Nihon Igaku Hoshasen Gakkai Zasshi. 2000 Dec;60(14):839-44.

PMID:11197834
Abstract

PURPOSE

To evaluate radiation exposure to patients and radiologists during transcatheter arterial embolization(TAE) for hepatocellular carcinoma.

MATERIALS AND METHODS

In 39 TAE procedures performed at eight institutes, skin doses were evaluated with thermoluminescence dosimeters at the patient's back(entrance surface) and lower abdomen, and at the radiologist's forehead and abdomen. Real-time dosimeters were also used to evaluate patient skin dose.

RESULTS

The patients' mean entrance surface dose was 973 +/- 681 mGy(range, 185 to 3543 mGy) with the mean fluoroscopic time of 21 minutes and 6 digital subtraction angiography(DSA) acquisitions. The dose at the patients' lower abdomen was 0.98 +/- 0.77 mGy. Doses for the radiologists were 0.04 +/- 0.04 mGy at the forehead and 0.15 +/- 0.19 mGy and 0.005 +/- 0.01 mGy at the abdomen over and under the apron, respectively. Fifty-six percent of the patients' skin dose was from DSA and 44% from fluoroscopy.

CONCLUSIONS

Patient skin dose may occasionally exceed the dose for transient erythema. Because a patient may have repeated TAEs, skin doses or X-ray conditions should be recorded. The exposed doses of radiologists were considered to be acceptable with proper techniques. Further efforts to reduce radiation should be directed toward both DSA and fluoroscopy.

摘要

目的

评估肝细胞癌经导管动脉栓塞术(TAE)期间患者和放射科医生所受的辐射剂量。

材料与方法

在8家机构进行的39例TAE手术中,使用热释光剂量计在患者背部(入射表面)和下腹部以及放射科医生的前额和腹部评估皮肤剂量。
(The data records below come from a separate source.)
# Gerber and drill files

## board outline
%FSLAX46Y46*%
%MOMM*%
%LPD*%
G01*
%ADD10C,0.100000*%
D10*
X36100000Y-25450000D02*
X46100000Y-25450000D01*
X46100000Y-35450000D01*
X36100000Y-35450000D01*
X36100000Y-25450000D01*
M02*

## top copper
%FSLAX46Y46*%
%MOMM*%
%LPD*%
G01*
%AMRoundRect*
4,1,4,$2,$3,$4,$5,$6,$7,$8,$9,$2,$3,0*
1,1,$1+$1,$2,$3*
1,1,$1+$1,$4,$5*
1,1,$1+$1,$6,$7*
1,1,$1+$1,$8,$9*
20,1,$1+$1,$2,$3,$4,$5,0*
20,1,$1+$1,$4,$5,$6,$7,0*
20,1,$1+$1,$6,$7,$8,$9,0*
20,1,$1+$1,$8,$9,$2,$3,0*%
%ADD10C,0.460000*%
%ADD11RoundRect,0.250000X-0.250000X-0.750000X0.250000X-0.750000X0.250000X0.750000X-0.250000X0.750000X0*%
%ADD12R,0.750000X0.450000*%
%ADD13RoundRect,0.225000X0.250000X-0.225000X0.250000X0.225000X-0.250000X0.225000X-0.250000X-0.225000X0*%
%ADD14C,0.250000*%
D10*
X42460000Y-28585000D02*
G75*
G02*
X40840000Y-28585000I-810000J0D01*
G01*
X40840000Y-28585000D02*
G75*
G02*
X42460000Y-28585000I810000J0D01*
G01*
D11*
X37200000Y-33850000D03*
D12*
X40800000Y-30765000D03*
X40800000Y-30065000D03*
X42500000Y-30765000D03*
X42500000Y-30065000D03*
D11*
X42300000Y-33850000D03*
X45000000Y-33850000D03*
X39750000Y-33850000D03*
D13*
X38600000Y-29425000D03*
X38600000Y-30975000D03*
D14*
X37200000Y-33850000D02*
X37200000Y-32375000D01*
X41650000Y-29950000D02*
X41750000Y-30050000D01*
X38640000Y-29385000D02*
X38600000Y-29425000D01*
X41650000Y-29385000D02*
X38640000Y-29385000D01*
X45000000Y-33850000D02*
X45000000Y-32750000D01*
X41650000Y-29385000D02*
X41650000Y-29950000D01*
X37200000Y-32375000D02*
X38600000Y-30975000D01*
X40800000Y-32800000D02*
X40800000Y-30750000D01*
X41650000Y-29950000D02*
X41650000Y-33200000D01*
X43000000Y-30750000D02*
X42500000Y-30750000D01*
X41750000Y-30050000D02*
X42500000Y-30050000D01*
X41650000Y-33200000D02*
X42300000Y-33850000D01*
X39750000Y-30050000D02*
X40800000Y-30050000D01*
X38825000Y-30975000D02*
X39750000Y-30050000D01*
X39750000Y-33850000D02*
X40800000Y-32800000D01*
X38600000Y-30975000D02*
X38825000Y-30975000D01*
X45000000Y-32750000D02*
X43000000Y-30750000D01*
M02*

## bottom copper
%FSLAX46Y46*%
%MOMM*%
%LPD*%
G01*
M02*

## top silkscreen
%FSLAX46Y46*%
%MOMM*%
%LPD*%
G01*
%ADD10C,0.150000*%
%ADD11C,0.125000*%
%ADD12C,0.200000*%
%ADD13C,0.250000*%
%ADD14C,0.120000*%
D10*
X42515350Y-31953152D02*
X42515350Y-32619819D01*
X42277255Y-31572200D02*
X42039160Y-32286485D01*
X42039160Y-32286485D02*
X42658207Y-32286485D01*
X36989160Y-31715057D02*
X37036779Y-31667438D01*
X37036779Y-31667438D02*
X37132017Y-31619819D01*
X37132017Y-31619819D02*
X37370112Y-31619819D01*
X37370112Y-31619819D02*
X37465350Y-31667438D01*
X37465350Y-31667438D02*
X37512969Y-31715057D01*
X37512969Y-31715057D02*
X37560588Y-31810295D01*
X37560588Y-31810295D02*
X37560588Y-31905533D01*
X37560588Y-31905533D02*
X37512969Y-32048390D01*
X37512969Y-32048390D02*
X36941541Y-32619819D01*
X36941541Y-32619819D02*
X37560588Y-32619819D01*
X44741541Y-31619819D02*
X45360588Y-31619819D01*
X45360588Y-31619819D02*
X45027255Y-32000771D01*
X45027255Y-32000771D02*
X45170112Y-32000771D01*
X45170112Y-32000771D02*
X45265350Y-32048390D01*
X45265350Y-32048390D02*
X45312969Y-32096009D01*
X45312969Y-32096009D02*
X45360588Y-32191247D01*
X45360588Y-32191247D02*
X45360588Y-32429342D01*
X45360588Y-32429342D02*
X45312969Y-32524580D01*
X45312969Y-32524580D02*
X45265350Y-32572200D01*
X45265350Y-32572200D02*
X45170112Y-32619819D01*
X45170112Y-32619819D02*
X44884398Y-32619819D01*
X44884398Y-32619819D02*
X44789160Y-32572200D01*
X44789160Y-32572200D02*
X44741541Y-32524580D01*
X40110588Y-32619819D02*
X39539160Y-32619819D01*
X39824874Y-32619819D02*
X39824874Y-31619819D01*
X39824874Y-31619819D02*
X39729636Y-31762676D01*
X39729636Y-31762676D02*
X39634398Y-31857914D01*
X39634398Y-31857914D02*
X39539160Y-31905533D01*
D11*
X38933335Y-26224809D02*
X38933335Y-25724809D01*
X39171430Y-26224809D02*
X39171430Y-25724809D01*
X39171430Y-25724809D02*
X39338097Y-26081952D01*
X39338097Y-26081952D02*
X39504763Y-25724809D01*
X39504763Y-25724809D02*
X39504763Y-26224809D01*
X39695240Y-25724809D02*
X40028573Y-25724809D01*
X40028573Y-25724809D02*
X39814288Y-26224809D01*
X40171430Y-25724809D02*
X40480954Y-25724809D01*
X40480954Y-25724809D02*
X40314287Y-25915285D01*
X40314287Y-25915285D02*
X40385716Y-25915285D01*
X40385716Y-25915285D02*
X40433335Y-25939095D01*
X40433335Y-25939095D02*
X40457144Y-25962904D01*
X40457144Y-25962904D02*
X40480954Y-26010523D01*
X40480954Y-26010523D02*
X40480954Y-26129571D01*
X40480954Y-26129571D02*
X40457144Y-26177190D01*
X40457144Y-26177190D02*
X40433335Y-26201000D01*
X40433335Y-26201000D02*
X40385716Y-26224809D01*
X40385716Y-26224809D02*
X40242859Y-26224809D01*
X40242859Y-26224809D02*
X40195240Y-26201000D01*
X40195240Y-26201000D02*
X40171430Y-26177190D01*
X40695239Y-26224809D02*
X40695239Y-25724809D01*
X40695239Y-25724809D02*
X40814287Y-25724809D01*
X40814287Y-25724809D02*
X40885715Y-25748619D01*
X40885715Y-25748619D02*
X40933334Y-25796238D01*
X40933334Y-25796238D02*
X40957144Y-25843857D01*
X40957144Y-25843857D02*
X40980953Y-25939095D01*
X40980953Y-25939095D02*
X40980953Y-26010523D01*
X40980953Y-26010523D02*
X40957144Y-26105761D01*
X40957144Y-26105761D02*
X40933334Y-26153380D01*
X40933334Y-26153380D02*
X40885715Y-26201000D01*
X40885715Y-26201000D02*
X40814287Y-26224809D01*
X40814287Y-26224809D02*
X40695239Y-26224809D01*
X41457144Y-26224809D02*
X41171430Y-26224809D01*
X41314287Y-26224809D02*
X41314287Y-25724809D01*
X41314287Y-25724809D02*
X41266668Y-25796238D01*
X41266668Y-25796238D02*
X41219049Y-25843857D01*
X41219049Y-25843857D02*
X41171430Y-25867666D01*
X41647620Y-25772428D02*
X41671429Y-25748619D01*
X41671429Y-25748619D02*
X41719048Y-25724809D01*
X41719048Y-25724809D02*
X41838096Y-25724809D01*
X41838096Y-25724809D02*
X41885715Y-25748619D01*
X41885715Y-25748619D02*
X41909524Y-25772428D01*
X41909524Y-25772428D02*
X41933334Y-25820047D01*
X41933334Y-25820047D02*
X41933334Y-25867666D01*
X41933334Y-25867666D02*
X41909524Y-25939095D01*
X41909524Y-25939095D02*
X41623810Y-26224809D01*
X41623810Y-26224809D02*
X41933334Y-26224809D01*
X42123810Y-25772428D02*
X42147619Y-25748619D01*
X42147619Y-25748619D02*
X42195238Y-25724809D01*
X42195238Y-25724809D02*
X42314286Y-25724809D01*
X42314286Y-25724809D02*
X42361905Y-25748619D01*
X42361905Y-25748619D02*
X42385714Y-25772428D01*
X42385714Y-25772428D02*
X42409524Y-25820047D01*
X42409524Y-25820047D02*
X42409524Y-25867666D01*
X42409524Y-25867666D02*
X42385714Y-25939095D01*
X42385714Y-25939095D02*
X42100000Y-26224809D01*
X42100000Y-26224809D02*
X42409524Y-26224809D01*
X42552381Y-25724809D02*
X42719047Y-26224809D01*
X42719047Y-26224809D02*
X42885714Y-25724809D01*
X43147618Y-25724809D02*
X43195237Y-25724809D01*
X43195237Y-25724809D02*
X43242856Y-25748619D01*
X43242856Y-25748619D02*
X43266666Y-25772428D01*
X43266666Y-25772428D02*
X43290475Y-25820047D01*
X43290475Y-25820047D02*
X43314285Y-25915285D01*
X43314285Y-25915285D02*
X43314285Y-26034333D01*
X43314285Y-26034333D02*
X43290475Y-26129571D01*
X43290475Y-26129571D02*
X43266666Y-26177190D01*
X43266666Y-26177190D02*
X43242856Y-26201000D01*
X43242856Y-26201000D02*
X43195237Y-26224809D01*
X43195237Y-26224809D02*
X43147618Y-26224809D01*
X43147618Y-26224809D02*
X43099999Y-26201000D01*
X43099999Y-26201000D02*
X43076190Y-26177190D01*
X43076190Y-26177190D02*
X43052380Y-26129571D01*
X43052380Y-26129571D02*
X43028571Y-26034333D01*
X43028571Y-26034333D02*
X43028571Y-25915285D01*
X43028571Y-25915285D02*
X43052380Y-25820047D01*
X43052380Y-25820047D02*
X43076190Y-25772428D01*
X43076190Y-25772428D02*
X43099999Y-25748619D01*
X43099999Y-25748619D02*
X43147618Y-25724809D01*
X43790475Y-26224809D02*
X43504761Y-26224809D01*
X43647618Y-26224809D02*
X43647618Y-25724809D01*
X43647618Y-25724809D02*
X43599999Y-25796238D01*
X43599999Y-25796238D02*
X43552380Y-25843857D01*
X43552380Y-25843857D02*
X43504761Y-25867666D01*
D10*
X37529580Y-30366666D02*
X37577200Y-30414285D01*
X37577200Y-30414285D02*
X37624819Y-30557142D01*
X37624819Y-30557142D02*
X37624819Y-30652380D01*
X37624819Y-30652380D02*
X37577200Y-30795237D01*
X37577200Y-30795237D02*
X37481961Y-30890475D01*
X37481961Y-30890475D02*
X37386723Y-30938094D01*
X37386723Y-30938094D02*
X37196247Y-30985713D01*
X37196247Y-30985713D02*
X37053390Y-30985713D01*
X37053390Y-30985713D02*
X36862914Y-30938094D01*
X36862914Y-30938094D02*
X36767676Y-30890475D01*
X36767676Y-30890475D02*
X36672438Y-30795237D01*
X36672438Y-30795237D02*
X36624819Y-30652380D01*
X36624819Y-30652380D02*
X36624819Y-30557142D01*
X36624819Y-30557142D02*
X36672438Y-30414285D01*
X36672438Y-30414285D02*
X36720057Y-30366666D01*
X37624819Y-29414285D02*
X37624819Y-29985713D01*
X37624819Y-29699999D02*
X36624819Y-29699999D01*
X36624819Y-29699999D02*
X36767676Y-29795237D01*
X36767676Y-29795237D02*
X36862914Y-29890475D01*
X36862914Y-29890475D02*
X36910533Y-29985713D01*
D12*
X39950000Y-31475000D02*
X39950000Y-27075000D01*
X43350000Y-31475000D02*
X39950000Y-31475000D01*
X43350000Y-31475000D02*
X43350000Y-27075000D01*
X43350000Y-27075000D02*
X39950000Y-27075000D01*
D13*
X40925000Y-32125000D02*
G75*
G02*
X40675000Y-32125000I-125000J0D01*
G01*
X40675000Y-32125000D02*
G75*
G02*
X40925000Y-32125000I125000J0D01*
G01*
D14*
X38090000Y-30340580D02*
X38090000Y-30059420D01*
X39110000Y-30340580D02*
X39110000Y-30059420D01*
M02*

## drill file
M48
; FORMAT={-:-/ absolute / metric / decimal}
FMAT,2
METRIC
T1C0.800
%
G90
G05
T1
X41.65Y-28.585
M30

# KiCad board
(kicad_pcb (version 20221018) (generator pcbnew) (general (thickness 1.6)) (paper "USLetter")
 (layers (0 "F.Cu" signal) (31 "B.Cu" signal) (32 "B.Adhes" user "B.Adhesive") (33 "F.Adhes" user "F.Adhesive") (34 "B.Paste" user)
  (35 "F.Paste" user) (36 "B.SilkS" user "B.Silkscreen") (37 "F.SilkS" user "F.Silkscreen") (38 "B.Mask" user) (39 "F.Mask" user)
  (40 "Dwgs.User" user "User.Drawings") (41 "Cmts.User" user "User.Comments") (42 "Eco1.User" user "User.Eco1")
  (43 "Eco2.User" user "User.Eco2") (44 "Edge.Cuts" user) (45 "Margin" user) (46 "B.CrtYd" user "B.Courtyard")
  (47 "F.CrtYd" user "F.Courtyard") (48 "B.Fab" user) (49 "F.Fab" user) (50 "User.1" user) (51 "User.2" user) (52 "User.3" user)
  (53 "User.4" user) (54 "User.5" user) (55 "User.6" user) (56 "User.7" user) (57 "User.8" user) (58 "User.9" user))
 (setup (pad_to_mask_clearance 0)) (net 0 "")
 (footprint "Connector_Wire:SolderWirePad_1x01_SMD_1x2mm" (layer "F.Cu") (at 37.2 33.85)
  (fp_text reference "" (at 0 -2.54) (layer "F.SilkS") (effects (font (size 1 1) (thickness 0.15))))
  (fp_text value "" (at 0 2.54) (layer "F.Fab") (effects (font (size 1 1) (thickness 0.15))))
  (pad "2" smd roundrect (at 0 0) (size 1 2) (layers "F.Cu" "F.Paste" "F.Mask") (roundrect_rratio 0.25)))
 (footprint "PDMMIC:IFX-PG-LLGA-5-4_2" (layer "F.Cu") (at 41.65 29.675 90)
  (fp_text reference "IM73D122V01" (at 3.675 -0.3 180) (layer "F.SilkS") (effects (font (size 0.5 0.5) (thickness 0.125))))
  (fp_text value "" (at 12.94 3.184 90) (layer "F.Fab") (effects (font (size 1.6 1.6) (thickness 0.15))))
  (fp_circle (center 1.09 0) (end 1.9 0) (stroke (width 0.46) (type solid)) (fill none) (layer "F.Cu"))
  (fp_line (start -1.8 -1.7) (end 2.6 -1.7) (stroke (width 0.2) (type solid)) (layer "F.SilkS"))
  (fp_line (start -1.8 1.7) (end -1.8 -1.7) (stroke (width 0.2) (type solid)) (layer "F.SilkS"))
  (fp_line (start -1.8 1.7) (end 2.6 1.7) (stroke (width 0.2) (type solid)) (layer "F.SilkS"))
  (fp_line (start 2.6 1.7) (end 2.6 -1.7) (stroke (width 0.2) (type solid)) (layer "F.SilkS"))
  (fp_circle (center -2.45 -0.85) (end -2.325 -0.85) (stroke (width 0.25) (type solid)) (fill none) (layer "F.SilkS"))
  (pad "" np_thru_hole circle (at 1.09 0 90) (size 0.8 0.8) (drill 0.8) (layers "F&B.Cu" "*.Mask"))
  (pad "1" smd rect (at -1.09 -0.85 90) (size 0.45 0.75) (layers "F.Cu" "F.Mask") (solder_mask_margin 0.102))
  (pad "2" smd rect (at -0.39 -0.85 90) (size 0.45 0.75) (layers "F.Cu" "F.Mask") (solder_mask_margin 0.102))
  (pad "3" smd rect (at -1.09 0.85 90) (size 0.45 0.75) (layers "F.Cu" "F.Mask") (solder_mask_margin 0.102))
  (pad "4" smd rect (at -0.39 0.85 90) (size 0.45 0.75) (layers "F.Cu" "F.Mask") (solder_mask_margin 0.102)))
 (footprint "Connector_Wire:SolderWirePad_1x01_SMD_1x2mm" (layer "F.Cu") (at 42.3 33.85)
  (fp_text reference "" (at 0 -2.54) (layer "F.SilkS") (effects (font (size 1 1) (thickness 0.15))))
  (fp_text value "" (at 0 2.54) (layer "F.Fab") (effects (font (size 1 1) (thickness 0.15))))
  (pad "4" smd roundrect (at 0 0) (size 1 2) (layers "F.Cu" "F.Paste" "F.Mask") (roundrect_rratio 0.25)))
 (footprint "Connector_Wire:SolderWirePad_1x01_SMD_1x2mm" (layer "F.Cu") (at 45 33.85)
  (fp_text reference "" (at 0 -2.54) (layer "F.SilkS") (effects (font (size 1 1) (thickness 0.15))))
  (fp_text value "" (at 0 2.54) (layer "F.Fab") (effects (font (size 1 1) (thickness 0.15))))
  (pad "3" smd roundrect (at 0 0) (size 1 2) (layers "F.Cu" "F.Paste" "F.Mask") (roundrect_rratio 0.25)))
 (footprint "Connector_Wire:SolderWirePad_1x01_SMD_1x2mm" (layer "F.Cu") (at 39.75 33.85)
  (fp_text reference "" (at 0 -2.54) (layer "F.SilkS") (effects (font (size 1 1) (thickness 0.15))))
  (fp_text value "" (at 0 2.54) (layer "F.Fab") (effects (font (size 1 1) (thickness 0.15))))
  (pad "1" smd roundrect (at 0 0) (size 1 2) (layers "F.Cu" "F.Paste" "F.Mask") (roundrect_rratio 0.25)))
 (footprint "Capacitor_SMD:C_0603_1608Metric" (layer "F.Cu") (at 38.6 30.2 90)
还使用实时剂量计评估患者皮肤剂量。

结果

患者入射表面平均剂量为973±681 mGy(范围为185至3543 mGy),平均透视时间为21分钟,数字减影血管造影(DSA)采集6次。患者下腹部剂量为0.98±0.77 mGy。放射科医生前额剂量为0.04±0.04 mGy,铅衣上方腹部剂量为0.15±0.19 mGy,铅衣下方腹部剂量为0.005±0.01 mGy。患者皮肤剂量的56%来自DSA,44%来自透视。

结论

患者皮肤剂量偶尔可能超过短暂红斑剂量。由于患者可能需要重复进行TAE,应记录皮肤剂量或X射线条件。采用适当技术时,放射科医生的受照剂量被认为是可接受的。应进一步努力减少DSA和透视的辐射剂量。